Top of PROVIDED DATA
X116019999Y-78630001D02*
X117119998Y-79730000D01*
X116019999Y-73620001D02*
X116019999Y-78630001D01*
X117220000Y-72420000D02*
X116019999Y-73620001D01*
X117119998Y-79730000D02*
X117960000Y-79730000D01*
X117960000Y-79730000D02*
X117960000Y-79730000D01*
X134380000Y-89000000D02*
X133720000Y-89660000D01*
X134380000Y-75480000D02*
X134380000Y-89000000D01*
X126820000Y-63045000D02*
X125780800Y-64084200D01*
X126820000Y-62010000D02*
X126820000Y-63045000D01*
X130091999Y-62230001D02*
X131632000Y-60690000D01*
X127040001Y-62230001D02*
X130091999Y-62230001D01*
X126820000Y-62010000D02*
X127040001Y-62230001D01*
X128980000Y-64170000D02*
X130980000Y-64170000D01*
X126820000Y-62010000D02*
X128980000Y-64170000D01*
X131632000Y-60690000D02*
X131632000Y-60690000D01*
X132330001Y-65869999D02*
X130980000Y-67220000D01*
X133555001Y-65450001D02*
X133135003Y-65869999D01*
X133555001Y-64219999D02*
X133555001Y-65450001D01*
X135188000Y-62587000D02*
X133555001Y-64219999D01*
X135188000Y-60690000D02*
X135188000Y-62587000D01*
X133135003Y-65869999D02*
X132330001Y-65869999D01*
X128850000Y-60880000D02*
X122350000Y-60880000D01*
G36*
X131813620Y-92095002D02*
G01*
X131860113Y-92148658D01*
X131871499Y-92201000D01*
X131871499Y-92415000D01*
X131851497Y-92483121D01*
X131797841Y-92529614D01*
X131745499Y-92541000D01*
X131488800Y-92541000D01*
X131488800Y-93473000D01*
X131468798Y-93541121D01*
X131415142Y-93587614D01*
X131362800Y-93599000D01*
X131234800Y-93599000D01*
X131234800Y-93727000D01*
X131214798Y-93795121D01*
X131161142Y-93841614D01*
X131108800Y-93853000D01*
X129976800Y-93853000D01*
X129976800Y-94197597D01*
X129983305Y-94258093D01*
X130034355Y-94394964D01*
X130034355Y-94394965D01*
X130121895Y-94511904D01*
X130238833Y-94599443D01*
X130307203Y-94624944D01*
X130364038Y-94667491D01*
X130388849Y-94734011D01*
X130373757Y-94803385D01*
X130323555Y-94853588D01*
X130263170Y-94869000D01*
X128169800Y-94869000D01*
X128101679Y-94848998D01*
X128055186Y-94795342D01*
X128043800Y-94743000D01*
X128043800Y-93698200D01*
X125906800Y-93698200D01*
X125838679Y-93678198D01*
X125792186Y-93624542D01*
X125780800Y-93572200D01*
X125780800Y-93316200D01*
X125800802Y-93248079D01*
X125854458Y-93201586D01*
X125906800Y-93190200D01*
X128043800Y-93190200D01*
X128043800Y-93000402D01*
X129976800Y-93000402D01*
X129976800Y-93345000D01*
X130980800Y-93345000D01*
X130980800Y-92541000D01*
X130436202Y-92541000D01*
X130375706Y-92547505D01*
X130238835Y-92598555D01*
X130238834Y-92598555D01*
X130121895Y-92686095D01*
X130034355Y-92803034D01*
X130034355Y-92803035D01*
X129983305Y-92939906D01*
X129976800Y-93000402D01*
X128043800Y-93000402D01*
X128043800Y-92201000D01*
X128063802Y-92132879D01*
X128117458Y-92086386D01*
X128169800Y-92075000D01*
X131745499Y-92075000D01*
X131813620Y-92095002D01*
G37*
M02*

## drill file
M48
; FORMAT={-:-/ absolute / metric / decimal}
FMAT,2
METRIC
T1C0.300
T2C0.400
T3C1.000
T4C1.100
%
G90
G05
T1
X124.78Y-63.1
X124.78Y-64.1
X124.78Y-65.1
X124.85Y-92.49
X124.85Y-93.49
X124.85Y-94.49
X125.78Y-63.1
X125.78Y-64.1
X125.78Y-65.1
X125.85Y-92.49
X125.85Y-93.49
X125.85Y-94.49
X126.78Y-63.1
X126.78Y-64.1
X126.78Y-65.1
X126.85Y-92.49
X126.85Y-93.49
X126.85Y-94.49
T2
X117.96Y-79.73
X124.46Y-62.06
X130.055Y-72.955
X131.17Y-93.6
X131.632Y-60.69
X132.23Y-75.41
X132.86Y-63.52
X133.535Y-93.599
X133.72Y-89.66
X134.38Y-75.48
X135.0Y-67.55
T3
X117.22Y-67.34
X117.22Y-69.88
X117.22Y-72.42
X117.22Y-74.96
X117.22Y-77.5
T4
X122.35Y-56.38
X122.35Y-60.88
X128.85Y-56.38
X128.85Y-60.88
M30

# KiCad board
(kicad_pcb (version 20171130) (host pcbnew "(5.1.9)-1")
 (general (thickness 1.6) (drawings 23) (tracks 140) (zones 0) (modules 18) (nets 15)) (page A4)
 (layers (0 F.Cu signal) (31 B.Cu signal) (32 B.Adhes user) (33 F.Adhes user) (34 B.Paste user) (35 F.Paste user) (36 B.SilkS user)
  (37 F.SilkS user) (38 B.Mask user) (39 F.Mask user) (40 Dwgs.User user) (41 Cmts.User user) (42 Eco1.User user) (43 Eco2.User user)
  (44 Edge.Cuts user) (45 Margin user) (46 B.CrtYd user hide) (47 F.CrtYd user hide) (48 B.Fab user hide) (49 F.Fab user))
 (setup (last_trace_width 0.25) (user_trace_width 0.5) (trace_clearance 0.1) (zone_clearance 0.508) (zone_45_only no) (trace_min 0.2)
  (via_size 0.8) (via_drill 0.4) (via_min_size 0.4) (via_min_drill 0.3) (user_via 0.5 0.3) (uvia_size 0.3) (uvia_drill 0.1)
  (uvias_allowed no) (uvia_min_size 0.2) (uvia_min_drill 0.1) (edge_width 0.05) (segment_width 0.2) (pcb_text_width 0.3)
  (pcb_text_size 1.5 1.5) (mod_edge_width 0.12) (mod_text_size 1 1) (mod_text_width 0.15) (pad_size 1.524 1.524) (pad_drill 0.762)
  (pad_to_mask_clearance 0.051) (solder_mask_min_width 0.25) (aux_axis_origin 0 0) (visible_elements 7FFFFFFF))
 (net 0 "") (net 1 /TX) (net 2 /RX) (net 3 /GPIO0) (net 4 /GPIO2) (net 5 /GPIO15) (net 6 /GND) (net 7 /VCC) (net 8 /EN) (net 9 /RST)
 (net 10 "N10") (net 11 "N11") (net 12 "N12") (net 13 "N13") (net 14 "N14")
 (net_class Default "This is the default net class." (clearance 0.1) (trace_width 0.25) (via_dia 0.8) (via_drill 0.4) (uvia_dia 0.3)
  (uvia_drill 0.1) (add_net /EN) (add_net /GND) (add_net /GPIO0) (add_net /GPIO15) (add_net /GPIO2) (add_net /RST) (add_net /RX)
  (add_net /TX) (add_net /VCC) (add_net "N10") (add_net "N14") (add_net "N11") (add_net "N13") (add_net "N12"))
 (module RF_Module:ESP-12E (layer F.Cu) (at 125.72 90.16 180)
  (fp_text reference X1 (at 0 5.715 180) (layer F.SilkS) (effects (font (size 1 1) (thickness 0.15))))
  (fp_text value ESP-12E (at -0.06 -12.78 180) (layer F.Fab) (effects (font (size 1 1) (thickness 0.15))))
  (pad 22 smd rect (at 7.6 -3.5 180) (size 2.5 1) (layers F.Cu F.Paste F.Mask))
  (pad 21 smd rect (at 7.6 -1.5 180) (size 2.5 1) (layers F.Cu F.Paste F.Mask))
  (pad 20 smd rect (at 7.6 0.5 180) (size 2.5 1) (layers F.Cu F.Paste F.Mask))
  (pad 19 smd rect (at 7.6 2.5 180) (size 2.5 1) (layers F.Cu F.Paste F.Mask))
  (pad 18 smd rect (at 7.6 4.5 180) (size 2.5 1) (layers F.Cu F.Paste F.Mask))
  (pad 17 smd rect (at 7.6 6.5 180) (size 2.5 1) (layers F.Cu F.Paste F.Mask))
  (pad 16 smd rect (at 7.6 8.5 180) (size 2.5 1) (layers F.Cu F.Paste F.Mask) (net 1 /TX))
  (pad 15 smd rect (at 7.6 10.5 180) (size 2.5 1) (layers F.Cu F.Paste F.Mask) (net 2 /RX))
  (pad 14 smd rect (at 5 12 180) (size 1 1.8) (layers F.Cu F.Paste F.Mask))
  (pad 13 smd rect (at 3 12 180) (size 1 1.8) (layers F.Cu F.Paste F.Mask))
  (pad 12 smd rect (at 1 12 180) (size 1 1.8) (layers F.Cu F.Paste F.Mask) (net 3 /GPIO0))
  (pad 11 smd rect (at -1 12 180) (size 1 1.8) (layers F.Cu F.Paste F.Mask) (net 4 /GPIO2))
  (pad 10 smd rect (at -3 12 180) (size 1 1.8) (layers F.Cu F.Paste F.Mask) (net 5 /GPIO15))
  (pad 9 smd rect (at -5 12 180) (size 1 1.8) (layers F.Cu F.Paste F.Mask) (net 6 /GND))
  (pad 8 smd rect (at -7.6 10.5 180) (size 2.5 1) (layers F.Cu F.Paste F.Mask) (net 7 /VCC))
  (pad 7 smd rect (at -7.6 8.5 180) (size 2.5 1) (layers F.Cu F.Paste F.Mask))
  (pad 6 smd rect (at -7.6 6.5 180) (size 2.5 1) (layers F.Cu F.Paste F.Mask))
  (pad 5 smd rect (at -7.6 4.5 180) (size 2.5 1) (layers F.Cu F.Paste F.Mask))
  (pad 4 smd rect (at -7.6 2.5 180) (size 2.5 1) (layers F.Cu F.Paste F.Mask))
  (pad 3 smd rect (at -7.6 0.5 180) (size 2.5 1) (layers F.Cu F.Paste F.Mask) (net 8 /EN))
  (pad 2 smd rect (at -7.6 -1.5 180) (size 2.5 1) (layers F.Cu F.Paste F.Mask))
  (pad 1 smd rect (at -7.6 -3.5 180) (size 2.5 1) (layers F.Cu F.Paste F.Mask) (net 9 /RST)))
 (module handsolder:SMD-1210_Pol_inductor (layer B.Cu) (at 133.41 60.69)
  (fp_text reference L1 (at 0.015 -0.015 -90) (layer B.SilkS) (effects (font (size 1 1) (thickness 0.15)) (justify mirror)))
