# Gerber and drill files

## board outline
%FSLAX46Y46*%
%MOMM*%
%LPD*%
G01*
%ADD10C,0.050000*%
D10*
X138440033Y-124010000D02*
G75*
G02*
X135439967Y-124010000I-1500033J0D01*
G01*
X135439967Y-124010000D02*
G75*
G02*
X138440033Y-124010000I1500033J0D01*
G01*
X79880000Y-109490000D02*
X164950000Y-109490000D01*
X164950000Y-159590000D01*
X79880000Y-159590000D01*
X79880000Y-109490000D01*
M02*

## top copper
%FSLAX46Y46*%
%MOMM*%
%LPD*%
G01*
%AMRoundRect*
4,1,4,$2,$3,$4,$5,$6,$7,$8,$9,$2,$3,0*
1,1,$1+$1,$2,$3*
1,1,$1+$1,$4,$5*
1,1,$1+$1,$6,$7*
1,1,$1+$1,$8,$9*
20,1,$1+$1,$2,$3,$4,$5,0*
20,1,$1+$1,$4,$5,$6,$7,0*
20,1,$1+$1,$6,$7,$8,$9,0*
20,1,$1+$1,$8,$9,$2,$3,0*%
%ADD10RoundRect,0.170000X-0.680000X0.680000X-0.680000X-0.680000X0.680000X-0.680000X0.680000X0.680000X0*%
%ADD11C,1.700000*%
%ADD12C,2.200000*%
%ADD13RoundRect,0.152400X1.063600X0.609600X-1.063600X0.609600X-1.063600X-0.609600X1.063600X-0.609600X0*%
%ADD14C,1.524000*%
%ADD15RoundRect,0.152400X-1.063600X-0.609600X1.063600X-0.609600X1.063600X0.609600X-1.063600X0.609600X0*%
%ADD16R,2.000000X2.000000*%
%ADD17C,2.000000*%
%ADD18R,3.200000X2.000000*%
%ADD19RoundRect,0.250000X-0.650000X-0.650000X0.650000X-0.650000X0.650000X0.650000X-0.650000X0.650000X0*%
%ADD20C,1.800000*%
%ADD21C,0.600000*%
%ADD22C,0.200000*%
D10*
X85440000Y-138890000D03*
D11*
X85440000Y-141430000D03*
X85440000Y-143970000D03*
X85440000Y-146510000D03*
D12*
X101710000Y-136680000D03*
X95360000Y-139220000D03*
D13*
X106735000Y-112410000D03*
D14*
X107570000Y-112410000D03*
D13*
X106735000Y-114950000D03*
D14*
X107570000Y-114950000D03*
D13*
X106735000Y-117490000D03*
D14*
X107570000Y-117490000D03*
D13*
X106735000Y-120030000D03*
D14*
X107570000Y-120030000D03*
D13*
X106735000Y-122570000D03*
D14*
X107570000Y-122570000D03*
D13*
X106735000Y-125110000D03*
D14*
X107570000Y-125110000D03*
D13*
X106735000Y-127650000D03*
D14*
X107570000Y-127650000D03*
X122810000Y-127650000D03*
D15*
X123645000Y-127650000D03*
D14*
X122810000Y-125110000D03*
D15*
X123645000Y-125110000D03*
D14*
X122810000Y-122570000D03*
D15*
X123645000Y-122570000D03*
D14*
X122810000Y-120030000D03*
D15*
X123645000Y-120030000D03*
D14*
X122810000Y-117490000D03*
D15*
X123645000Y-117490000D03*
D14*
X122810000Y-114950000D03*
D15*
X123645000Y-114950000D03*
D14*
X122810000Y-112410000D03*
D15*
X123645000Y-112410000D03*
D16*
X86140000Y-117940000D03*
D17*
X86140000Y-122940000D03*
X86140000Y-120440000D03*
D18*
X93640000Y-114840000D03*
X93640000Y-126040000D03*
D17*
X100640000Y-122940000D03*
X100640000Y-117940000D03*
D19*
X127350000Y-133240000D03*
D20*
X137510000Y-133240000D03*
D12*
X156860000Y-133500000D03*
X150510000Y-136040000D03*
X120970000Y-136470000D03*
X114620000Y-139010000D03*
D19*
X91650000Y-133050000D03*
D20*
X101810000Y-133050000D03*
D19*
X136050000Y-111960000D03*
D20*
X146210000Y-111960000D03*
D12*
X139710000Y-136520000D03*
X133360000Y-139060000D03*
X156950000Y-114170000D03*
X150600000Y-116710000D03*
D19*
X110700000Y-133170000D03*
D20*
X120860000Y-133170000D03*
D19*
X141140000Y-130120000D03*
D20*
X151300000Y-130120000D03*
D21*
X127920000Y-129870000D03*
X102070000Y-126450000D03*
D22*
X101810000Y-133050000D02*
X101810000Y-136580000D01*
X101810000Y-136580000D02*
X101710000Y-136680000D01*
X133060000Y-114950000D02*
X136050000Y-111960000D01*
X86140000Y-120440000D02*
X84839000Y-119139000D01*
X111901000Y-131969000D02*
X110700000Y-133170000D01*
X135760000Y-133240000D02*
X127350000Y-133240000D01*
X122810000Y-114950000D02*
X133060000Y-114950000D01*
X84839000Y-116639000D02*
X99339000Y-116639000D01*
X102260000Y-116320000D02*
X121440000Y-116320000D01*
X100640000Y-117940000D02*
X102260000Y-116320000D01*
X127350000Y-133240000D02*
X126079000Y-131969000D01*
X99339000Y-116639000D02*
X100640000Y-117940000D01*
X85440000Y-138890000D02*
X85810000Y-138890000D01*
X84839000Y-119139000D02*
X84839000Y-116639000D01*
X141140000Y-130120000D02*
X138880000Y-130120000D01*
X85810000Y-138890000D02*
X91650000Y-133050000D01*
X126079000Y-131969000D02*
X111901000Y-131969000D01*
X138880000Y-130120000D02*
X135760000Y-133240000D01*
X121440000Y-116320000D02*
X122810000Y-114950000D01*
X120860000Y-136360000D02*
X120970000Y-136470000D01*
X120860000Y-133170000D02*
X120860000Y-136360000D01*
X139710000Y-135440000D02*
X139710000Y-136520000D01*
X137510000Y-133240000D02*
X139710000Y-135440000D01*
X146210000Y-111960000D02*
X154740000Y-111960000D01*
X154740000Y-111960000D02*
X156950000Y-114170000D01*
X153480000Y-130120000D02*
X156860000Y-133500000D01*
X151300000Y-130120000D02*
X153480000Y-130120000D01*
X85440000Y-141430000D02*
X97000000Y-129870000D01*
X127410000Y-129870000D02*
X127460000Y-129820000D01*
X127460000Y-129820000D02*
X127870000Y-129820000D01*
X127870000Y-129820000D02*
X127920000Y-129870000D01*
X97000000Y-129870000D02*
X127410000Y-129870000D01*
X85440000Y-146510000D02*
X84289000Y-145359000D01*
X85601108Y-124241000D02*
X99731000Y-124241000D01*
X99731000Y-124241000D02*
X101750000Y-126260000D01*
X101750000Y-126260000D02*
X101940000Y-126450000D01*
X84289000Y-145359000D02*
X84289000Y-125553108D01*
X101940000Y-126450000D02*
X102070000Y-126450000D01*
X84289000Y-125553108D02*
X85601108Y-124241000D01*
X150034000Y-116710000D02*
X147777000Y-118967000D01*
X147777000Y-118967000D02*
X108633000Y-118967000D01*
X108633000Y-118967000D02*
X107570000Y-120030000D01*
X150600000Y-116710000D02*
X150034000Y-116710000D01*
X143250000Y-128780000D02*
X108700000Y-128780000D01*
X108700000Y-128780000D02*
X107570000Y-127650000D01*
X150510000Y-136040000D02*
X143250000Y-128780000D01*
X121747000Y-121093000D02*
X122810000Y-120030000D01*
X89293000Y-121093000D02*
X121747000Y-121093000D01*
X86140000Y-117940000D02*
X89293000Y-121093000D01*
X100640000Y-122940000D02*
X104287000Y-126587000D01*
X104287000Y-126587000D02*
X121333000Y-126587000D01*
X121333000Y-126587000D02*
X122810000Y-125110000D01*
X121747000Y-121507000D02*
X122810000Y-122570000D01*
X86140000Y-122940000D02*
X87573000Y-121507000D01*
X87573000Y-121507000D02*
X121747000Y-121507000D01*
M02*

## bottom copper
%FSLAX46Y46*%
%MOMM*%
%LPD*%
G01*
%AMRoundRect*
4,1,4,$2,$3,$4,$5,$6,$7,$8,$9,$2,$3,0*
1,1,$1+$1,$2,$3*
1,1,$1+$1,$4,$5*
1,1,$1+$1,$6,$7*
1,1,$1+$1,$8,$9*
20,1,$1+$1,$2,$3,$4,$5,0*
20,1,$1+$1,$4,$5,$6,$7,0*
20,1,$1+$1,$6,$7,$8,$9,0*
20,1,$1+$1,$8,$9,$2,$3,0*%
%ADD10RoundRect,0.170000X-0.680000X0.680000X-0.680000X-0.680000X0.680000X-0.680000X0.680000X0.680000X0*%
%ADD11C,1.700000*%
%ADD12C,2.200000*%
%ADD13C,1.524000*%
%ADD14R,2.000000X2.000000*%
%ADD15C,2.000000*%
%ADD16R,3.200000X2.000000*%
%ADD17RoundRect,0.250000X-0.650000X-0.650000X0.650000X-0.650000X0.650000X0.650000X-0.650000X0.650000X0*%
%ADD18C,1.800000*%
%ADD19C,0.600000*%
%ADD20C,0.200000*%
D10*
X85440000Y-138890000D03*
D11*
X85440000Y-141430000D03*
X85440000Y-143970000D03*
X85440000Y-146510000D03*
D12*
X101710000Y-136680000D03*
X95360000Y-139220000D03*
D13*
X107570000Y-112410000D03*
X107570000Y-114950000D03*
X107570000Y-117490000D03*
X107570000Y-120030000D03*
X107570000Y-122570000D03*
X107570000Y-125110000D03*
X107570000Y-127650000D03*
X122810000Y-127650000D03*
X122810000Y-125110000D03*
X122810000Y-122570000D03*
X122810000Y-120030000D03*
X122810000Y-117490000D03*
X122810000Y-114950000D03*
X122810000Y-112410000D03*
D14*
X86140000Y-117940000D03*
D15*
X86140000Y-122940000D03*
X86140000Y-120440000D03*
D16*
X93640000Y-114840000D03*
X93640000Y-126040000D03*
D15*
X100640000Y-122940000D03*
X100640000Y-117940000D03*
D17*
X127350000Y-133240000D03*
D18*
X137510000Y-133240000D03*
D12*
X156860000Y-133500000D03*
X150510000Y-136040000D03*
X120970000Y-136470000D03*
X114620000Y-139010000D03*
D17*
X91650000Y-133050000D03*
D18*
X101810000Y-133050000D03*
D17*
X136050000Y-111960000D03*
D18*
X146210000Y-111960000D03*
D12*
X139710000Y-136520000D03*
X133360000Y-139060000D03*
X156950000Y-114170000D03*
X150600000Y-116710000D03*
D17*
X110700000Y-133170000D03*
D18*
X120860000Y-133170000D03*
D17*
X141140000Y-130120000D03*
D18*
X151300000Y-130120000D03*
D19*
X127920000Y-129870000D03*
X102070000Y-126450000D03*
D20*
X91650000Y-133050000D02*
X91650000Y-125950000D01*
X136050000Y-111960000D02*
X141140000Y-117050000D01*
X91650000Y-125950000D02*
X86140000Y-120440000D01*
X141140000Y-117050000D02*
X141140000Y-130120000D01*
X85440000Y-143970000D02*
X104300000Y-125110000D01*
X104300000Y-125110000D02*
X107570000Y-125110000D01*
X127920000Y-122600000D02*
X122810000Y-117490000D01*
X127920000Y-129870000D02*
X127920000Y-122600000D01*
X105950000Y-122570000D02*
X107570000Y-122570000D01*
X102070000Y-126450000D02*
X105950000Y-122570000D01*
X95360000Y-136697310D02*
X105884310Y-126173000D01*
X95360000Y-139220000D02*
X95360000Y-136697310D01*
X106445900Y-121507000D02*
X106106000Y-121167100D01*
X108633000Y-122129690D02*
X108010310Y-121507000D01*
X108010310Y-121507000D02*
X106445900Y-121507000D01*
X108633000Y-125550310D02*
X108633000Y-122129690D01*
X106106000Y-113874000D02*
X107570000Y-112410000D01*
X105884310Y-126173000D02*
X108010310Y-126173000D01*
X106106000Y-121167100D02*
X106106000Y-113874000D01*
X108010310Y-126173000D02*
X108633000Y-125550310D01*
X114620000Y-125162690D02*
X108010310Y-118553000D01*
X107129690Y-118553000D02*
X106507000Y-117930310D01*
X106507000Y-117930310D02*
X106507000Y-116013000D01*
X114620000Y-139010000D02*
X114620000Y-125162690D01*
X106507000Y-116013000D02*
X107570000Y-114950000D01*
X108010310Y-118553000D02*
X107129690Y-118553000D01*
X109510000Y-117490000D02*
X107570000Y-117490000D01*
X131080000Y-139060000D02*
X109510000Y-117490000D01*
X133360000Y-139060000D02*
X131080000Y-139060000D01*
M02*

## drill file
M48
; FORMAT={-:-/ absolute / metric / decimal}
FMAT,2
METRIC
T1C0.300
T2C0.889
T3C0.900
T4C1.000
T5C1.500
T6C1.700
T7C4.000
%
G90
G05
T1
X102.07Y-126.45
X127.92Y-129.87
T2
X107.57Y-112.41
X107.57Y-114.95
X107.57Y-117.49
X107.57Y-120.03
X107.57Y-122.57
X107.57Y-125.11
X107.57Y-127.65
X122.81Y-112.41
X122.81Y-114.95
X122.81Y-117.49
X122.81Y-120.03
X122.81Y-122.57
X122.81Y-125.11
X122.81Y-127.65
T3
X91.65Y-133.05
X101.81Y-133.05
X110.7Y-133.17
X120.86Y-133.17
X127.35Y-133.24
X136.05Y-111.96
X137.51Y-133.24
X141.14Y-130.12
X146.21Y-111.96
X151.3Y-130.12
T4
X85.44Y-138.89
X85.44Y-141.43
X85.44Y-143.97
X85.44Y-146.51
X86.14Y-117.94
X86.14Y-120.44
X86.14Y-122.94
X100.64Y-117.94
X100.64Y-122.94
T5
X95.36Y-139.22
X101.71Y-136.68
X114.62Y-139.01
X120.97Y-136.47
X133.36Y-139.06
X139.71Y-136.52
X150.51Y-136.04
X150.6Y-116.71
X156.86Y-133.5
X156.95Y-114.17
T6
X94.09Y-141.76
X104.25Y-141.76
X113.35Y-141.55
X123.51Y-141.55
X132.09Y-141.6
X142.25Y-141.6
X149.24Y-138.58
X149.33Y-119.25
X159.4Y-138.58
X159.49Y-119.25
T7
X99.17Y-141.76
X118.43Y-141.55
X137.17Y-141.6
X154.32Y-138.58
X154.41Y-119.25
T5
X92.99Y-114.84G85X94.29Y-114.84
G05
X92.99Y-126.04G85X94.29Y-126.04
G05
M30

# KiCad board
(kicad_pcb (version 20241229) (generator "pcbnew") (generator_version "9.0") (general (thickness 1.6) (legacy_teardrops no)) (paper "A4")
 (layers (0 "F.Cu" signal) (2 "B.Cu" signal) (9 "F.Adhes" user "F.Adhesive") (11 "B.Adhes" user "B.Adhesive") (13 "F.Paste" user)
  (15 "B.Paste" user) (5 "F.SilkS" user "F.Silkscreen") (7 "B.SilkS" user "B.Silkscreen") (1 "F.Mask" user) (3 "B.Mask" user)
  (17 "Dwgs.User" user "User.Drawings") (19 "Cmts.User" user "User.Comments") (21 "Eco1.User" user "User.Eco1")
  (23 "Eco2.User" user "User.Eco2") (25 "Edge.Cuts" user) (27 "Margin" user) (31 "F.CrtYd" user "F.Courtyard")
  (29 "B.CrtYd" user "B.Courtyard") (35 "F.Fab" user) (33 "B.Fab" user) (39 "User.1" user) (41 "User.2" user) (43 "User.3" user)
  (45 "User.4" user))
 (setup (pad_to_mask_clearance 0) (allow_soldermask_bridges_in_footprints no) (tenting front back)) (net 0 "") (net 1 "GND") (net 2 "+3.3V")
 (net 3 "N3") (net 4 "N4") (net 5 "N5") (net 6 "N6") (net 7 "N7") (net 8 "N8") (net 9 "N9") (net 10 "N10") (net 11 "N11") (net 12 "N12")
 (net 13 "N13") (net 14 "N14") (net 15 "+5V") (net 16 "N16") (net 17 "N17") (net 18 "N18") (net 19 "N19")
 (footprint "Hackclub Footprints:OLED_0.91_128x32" (layer "F.Cu") (at 85.44 138.89 -90)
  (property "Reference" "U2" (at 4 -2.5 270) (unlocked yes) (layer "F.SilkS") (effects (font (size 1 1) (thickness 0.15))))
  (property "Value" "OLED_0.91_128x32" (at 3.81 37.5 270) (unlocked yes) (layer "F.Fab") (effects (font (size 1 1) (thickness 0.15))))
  (pad "1" thru_hole roundrect (at 0 0 270) (size 1.7 1.7) (drill 1) (layers "*.Cu" "*.Mask") (remove_unused_layers no)
   (roundrect_rratio 0.1) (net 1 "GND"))
  (pad "2" thru_hole circle (at 2.54 0 270) (size 1.7 1.7) (drill 1) (layers "*.Cu" "*.Mask") (remove_unused_layers no) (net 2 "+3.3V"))
  (pad "3" thru_hole circle (at 5.08 0 270) (size 1.7 1.7) (drill 1) (layers "*.Cu" "*.Mask") (remove_unused_layers no) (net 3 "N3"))
  (pad "4" thru_hole circle (at 7.62 0 270) (size 1.7 1.7) (drill 1) (layers "*.Cu" "*.Mask") (remove_unused_layers no) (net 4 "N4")))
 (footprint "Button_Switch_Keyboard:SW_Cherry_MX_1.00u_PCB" (layer "F.Cu") (at 101.71 136.68)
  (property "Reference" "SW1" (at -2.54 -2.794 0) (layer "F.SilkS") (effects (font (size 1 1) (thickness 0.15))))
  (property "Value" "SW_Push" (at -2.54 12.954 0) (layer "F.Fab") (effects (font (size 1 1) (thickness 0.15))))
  (pad "" np_thru_hole circle (at -7.62 5.08) (size 1.7 1.7) (drill 1.7) (layers "*.Cu" "*.Mask"))
  (pad "" np_thru_hole circle (at -2.54 5.08) (size 4 4) (drill 4) (layers "*.Cu" "*.Mask"))
  (pad "" np_thru_hole circle (at 2.54 5.08) (size 1.7 1.7) (drill 1.7) (layers "*.Cu" "*.Mask"))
Bottom of PROVIDED DATA
- [DIRECTIONS]:
Only the lines from the start of the material through the line containing "X130034355Y-94394964D01*" should be repeated, and they should be repeated exactly.

- [SOLUTION TO THIS EXERCISE]:
X116019999Y-78630001D02*
X117119998Y-79730000D01*
X116019999Y-73620001D02*
X116019999Y-78630001D01*
X117220000Y-72420000D02*
X116019999Y-73620001D01*
X117119998Y-79730000D02*
X117960000Y-79730000D01*
X117960000Y-79730000D02*
X117960000Y-79730000D01*
X134380000Y-89000000D02*
X133720000Y-89660000D01*
X134380000Y-75480000D02*
X134380000Y-89000000D01*
X126820000Y-63045000D02*
X125780800Y-64084200D01*
X126820000Y-62010000D02*
X126820000Y-63045000D01*
X130091999Y-62230001D02*
X131632000Y-60690000D01*
X127040001Y-62230001D02*
X130091999Y-62230001D01*
X126820000Y-62010000D02*
X127040001Y-62230001D01*
X128980000Y-64170000D02*
X130980000Y-64170000D01*
X126820000Y-62010000D02*
X128980000Y-64170000D01*
X131632000Y-60690000D02*
X131632000Y-60690000D01*
X132330001Y-65869999D02*
X130980000Y-67220000D01*
X133555001Y-65450001D02*
X133135003Y-65869999D01*
X133555001Y-64219999D02*
X133555001Y-65450001D01*
X135188000Y-62587000D02*
X133555001Y-64219999D01*
X135188000Y-60690000D02*
X135188000Y-62587000D01*
X133135003Y-65869999D02*
X132330001Y-65869999D01*
X128850000Y-60880000D02*
X122350000Y-60880000D01*
G36*
X131813620Y-92095002D02*
G01*
X131860113Y-92148658D01*
X131871499Y-92201000D01*
X131871499Y-92415000D01*
X131851497Y-92483121D01*
X131797841Y-92529614D01*
X131745499Y-92541000D01*
X131488800Y-92541000D01*
X131488800Y-93473000D01*
X131468798Y-93541121D01*
X131415142Y-93587614D01*
X131362800Y-93599000D01*
X131234800Y-93599000D01*
X131234800Y-93727000D01*
X131214798Y-93795121D01*
X131161142Y-93841614D01*
X131108800Y-93853000D01*
X129976800Y-93853000D01*
X129976800Y-94197597D01*
X129983305Y-94258093D01*
X130034355Y-94394964D01*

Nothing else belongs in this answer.